Given records:
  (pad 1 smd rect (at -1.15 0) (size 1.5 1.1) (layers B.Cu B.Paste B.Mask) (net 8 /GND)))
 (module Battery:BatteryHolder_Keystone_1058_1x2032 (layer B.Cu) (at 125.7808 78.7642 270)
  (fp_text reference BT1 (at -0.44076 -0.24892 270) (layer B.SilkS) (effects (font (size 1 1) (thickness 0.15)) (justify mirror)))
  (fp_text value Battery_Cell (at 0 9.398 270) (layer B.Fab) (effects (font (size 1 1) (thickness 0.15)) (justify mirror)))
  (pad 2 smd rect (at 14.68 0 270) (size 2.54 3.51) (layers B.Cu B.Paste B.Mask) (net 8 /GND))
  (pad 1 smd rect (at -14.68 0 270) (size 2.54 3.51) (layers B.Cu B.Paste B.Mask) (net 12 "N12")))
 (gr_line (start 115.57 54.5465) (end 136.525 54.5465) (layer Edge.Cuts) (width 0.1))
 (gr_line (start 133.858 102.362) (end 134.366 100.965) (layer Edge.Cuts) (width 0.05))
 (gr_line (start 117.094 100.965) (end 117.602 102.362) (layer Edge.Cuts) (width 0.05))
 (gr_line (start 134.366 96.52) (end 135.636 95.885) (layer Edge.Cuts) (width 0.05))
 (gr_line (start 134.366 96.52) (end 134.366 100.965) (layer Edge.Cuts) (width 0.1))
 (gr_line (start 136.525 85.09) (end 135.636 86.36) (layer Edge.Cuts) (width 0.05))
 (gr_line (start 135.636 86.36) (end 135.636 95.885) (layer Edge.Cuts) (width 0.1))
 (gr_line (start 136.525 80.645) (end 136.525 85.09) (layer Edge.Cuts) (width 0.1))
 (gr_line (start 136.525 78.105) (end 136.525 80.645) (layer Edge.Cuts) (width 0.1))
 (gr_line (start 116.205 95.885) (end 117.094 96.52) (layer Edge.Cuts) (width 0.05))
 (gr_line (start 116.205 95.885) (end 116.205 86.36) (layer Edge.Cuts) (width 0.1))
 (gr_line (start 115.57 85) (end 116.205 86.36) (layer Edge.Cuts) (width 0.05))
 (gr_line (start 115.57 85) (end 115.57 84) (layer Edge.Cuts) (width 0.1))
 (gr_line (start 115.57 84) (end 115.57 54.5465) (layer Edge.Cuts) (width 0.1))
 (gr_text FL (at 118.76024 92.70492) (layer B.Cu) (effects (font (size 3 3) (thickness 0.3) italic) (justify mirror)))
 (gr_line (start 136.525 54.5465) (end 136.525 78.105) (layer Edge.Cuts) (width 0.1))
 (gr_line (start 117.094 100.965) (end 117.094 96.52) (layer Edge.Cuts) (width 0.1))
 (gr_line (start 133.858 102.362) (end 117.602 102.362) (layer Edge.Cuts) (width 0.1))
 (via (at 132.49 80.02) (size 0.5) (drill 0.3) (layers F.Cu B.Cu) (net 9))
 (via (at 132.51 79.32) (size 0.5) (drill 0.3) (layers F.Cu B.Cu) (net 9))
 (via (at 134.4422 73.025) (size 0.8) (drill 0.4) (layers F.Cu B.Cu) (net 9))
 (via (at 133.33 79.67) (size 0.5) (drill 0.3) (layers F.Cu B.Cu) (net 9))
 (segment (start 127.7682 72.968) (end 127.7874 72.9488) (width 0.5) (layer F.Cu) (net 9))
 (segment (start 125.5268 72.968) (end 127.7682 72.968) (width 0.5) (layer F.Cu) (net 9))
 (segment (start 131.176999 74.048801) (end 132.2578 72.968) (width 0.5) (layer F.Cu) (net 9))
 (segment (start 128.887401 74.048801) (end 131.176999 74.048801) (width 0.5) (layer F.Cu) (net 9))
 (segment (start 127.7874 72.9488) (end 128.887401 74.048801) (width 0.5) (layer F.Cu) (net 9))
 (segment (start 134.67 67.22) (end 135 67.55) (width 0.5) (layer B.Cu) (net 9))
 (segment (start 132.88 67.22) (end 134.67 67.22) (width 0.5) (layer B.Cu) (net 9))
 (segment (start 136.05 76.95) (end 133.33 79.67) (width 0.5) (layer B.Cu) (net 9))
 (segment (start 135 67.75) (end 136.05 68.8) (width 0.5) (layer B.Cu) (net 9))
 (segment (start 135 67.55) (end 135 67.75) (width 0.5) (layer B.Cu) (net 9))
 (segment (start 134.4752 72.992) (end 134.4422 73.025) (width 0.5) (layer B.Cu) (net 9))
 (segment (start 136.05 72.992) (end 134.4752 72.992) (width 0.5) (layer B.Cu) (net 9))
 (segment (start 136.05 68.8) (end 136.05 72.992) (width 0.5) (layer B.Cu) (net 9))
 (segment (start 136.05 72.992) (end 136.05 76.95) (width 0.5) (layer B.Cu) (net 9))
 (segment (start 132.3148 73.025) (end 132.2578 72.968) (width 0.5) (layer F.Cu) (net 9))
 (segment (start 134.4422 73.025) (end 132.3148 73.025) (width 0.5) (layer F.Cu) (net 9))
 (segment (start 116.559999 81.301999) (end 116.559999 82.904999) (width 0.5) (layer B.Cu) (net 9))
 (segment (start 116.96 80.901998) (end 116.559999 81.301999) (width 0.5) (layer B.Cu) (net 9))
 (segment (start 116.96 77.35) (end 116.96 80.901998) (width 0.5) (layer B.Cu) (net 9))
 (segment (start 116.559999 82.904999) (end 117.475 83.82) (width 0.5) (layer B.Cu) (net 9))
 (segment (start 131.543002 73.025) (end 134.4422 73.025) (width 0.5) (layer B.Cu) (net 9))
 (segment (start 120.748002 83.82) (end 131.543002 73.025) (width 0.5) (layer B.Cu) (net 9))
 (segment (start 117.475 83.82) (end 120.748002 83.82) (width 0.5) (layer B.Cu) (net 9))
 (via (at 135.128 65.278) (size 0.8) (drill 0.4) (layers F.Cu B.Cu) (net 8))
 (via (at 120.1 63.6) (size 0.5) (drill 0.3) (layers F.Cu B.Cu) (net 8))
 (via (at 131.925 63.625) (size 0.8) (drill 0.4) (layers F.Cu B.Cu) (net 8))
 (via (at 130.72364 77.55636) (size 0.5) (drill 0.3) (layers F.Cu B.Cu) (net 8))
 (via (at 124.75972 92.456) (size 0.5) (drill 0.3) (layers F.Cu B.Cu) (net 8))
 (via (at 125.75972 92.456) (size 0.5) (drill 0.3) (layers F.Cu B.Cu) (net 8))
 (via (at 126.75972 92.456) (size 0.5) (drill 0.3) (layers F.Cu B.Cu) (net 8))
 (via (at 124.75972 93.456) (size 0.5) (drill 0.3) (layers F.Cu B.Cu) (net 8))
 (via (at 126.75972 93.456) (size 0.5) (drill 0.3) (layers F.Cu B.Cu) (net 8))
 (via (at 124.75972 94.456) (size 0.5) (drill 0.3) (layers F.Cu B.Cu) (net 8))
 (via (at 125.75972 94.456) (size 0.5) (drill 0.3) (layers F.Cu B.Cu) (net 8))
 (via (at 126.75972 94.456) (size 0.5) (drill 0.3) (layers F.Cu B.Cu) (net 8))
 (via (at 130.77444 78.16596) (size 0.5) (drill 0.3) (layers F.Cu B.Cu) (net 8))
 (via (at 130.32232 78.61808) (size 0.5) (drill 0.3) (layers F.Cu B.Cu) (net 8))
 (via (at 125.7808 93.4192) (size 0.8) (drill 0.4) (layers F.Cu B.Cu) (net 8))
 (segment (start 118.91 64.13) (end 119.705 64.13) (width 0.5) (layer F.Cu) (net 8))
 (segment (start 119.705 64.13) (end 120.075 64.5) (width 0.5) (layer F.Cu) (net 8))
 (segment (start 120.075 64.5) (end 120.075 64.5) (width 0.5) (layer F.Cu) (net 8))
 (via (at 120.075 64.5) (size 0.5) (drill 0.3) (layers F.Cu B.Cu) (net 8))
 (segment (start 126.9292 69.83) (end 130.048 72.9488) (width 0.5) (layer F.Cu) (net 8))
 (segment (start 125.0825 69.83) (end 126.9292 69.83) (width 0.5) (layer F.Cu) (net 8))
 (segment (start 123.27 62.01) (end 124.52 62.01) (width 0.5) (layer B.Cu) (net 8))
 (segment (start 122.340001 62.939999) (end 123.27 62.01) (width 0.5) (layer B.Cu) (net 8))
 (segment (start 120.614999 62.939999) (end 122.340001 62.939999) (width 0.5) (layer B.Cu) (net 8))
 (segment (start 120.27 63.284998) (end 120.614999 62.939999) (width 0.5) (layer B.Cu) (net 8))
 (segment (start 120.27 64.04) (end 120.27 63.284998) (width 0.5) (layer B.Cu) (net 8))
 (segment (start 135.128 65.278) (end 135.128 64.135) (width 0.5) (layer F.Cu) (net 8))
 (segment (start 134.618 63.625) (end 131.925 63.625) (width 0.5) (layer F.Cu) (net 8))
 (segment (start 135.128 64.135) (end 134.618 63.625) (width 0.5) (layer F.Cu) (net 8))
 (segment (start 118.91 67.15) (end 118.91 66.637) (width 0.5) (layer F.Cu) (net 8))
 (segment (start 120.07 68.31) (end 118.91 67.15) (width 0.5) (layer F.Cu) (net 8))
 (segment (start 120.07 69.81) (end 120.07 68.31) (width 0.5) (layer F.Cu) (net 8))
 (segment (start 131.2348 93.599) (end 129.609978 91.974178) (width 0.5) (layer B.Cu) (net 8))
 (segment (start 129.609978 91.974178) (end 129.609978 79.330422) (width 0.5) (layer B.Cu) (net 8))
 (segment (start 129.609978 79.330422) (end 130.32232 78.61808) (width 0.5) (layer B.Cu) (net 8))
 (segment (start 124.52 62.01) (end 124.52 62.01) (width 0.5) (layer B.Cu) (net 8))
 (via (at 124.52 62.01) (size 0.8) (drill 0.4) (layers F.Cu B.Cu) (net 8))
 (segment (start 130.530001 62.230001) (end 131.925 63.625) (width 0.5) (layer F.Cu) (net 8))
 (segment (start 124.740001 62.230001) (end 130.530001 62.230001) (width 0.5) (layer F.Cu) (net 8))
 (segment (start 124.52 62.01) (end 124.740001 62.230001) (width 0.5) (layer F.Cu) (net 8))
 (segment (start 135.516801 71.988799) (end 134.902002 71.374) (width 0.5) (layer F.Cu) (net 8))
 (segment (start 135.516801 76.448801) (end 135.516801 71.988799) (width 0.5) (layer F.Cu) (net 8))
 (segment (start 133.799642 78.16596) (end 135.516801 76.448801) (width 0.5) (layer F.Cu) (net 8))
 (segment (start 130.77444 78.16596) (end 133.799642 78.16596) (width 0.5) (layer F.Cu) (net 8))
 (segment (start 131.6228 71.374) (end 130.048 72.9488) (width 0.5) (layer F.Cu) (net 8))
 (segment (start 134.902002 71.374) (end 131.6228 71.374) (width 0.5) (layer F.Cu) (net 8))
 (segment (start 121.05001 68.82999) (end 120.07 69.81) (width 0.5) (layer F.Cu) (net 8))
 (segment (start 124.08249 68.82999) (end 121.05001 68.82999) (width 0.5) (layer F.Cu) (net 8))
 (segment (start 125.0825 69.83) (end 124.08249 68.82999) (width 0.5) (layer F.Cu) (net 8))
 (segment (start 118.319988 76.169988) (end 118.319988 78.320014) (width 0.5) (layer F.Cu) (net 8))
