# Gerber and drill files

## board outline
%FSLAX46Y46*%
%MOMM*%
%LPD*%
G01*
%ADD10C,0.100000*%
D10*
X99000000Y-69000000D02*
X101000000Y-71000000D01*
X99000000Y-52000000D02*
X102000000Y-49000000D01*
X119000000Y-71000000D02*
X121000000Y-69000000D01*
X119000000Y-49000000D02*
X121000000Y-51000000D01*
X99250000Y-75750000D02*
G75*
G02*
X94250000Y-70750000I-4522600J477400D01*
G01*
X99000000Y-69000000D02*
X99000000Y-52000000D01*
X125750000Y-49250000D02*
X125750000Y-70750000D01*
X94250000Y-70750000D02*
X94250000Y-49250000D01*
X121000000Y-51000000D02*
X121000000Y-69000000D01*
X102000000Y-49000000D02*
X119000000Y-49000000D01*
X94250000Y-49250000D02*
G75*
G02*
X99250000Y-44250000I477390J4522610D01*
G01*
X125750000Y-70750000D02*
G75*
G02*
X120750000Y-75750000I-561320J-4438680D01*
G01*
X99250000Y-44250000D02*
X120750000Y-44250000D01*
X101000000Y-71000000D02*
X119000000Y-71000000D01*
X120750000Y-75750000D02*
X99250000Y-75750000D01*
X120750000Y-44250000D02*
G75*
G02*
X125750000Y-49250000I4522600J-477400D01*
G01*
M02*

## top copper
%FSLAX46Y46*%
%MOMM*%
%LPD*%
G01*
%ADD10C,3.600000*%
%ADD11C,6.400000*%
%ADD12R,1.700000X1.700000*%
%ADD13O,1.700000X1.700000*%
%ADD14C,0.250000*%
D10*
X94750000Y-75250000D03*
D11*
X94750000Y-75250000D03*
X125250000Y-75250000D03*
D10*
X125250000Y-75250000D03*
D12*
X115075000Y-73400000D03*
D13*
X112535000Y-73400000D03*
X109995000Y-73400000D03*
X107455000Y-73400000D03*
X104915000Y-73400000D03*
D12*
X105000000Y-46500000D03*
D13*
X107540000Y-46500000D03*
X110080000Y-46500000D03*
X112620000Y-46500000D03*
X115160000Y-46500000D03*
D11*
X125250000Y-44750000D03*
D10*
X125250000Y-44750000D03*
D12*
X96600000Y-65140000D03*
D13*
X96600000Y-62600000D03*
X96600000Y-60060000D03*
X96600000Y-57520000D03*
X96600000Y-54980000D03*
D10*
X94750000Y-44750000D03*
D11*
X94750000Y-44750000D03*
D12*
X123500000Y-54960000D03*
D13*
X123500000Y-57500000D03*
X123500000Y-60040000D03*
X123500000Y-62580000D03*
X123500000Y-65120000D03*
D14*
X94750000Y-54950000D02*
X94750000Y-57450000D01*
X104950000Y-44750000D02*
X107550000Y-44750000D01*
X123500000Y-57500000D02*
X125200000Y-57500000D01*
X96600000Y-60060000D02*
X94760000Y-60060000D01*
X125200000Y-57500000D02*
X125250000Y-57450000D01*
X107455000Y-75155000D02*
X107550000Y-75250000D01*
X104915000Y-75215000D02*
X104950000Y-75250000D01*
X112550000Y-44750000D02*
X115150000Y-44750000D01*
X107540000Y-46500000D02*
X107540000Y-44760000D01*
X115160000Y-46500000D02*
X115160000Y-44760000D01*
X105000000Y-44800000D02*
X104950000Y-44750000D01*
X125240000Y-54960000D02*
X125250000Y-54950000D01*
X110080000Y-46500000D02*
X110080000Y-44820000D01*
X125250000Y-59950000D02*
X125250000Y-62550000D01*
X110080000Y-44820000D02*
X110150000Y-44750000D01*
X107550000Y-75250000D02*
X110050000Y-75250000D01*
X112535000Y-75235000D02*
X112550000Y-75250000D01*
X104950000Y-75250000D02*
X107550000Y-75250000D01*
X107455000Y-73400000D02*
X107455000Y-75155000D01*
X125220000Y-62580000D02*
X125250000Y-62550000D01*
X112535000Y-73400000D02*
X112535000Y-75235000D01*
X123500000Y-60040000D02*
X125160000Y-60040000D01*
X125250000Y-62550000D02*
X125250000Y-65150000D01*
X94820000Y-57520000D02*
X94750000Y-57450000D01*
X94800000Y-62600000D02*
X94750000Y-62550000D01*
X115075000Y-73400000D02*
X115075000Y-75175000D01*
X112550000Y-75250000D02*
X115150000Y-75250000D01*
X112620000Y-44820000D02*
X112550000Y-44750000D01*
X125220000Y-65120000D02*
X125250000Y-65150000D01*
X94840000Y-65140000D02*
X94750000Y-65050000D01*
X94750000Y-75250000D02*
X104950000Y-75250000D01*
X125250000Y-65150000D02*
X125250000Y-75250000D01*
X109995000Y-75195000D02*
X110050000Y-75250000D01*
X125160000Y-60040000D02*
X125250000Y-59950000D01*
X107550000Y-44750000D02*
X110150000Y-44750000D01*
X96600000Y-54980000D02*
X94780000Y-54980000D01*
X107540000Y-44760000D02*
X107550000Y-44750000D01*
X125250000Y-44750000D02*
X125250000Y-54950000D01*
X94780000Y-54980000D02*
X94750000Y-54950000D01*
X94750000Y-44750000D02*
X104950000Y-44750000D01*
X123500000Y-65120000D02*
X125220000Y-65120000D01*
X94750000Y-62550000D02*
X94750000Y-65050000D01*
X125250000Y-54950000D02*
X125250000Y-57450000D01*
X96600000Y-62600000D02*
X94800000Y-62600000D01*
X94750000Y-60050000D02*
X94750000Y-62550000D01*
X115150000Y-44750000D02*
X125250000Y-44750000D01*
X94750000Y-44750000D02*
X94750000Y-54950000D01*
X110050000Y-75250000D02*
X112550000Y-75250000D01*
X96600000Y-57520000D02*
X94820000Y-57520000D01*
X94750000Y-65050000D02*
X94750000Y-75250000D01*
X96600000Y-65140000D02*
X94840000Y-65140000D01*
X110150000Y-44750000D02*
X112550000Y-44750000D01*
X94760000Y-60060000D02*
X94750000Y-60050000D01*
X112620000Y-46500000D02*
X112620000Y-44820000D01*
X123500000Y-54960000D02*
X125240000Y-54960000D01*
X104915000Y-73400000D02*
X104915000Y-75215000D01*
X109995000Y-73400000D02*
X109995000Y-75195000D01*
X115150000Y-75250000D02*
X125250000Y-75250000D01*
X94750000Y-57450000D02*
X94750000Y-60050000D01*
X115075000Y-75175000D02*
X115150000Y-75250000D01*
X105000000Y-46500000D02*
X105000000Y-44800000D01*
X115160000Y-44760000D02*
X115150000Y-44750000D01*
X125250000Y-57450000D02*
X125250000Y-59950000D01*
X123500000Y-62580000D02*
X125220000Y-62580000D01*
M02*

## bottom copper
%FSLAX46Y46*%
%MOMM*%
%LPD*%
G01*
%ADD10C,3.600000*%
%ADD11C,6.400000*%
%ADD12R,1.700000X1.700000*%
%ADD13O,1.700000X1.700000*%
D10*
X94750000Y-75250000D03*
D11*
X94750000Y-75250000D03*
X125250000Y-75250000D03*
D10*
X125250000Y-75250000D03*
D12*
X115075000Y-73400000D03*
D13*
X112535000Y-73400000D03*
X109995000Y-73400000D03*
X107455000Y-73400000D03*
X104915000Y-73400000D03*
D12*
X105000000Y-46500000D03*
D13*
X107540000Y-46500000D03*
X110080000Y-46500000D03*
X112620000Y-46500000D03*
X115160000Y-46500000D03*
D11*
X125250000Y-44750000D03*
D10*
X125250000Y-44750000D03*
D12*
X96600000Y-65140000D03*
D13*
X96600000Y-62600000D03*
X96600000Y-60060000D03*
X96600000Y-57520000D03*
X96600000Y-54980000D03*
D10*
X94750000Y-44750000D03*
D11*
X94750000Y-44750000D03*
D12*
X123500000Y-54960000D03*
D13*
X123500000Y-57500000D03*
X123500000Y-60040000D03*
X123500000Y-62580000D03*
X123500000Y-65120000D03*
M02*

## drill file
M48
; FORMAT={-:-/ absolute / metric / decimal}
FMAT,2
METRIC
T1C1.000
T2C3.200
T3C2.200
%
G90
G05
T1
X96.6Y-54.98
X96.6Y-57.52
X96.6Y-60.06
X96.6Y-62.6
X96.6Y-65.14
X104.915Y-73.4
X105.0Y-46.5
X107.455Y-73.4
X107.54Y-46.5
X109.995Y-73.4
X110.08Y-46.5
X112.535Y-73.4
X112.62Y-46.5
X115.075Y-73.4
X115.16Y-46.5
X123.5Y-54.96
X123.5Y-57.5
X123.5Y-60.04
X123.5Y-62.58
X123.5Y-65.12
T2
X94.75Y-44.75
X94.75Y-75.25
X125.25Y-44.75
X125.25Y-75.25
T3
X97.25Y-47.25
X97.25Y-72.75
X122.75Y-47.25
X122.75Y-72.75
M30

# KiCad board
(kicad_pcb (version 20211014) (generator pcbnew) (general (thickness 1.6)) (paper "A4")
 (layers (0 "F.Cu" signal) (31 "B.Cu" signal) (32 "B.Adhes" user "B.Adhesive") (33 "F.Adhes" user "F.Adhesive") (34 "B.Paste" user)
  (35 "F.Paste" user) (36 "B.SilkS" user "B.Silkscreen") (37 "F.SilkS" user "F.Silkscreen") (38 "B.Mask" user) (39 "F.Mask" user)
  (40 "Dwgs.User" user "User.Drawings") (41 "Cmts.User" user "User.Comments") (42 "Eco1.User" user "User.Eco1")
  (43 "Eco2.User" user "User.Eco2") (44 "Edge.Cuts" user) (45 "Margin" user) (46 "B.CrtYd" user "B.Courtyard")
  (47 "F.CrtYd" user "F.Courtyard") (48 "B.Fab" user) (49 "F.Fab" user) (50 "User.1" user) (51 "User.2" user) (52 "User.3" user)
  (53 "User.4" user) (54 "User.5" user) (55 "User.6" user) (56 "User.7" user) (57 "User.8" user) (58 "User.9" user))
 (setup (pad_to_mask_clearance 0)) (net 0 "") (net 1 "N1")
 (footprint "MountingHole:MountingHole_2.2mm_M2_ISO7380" (layer "F.Cu") (at 122.75 47.25)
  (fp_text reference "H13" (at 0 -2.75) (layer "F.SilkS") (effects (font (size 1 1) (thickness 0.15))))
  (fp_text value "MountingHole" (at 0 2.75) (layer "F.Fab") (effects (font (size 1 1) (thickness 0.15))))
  (pad "" np_thru_hole circle (at 0 0) (size 2.2 2.2) (drill 2.2) (layers *.Cu *.Mask)))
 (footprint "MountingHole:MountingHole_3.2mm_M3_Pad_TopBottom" (layer "F.Cu") (at 94.75 75.25)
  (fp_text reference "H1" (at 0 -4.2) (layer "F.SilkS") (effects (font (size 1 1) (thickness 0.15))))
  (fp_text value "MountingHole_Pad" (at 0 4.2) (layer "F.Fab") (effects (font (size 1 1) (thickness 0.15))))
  (pad "1" thru_hole circle (at 0 0) (size 3.6 3.6) (drill 3.2) (layers *.Cu *.Mask) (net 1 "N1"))
  (pad "1" connect circle (at 0 0) (size 6.4 6.4) (layers "B.Cu" "B.Mask") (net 1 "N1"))
  (pad "1" connect circle (at 0 0) (size 6.4 6.4) (layers "F.Cu" "F.Mask") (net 1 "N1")))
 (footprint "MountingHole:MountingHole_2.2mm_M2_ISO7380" (layer "F.Cu") (at 97.25 72.75)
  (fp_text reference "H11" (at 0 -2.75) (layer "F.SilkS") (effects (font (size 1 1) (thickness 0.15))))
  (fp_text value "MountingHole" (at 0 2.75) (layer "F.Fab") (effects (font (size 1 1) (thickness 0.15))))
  (pad "" np_thru_hole circle (at 0 0) (size 2.2 2.2) (drill 2.2) (layers *.Cu *.Mask)))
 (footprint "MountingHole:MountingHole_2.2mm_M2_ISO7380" (layer "F.Cu") (at 97.25 47.25)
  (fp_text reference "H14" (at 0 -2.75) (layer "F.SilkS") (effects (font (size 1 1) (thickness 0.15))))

Assigned task: Reproduce every line from the entries that holds the word "Courtyard".

Worked solution:
  (43 "Eco2.User" user "User.Eco2") (44 "Edge.Cuts" user) (45 "Margin" user) (46 "B.CrtYd" user "B.Courtyard")
  (47 "F.CrtYd" user "F.Courtyard") (48 "B.Fab" user) (49 "F.Fab" user) (50 "User.1" user) (51 "User.2" user) (52 "User.3" user)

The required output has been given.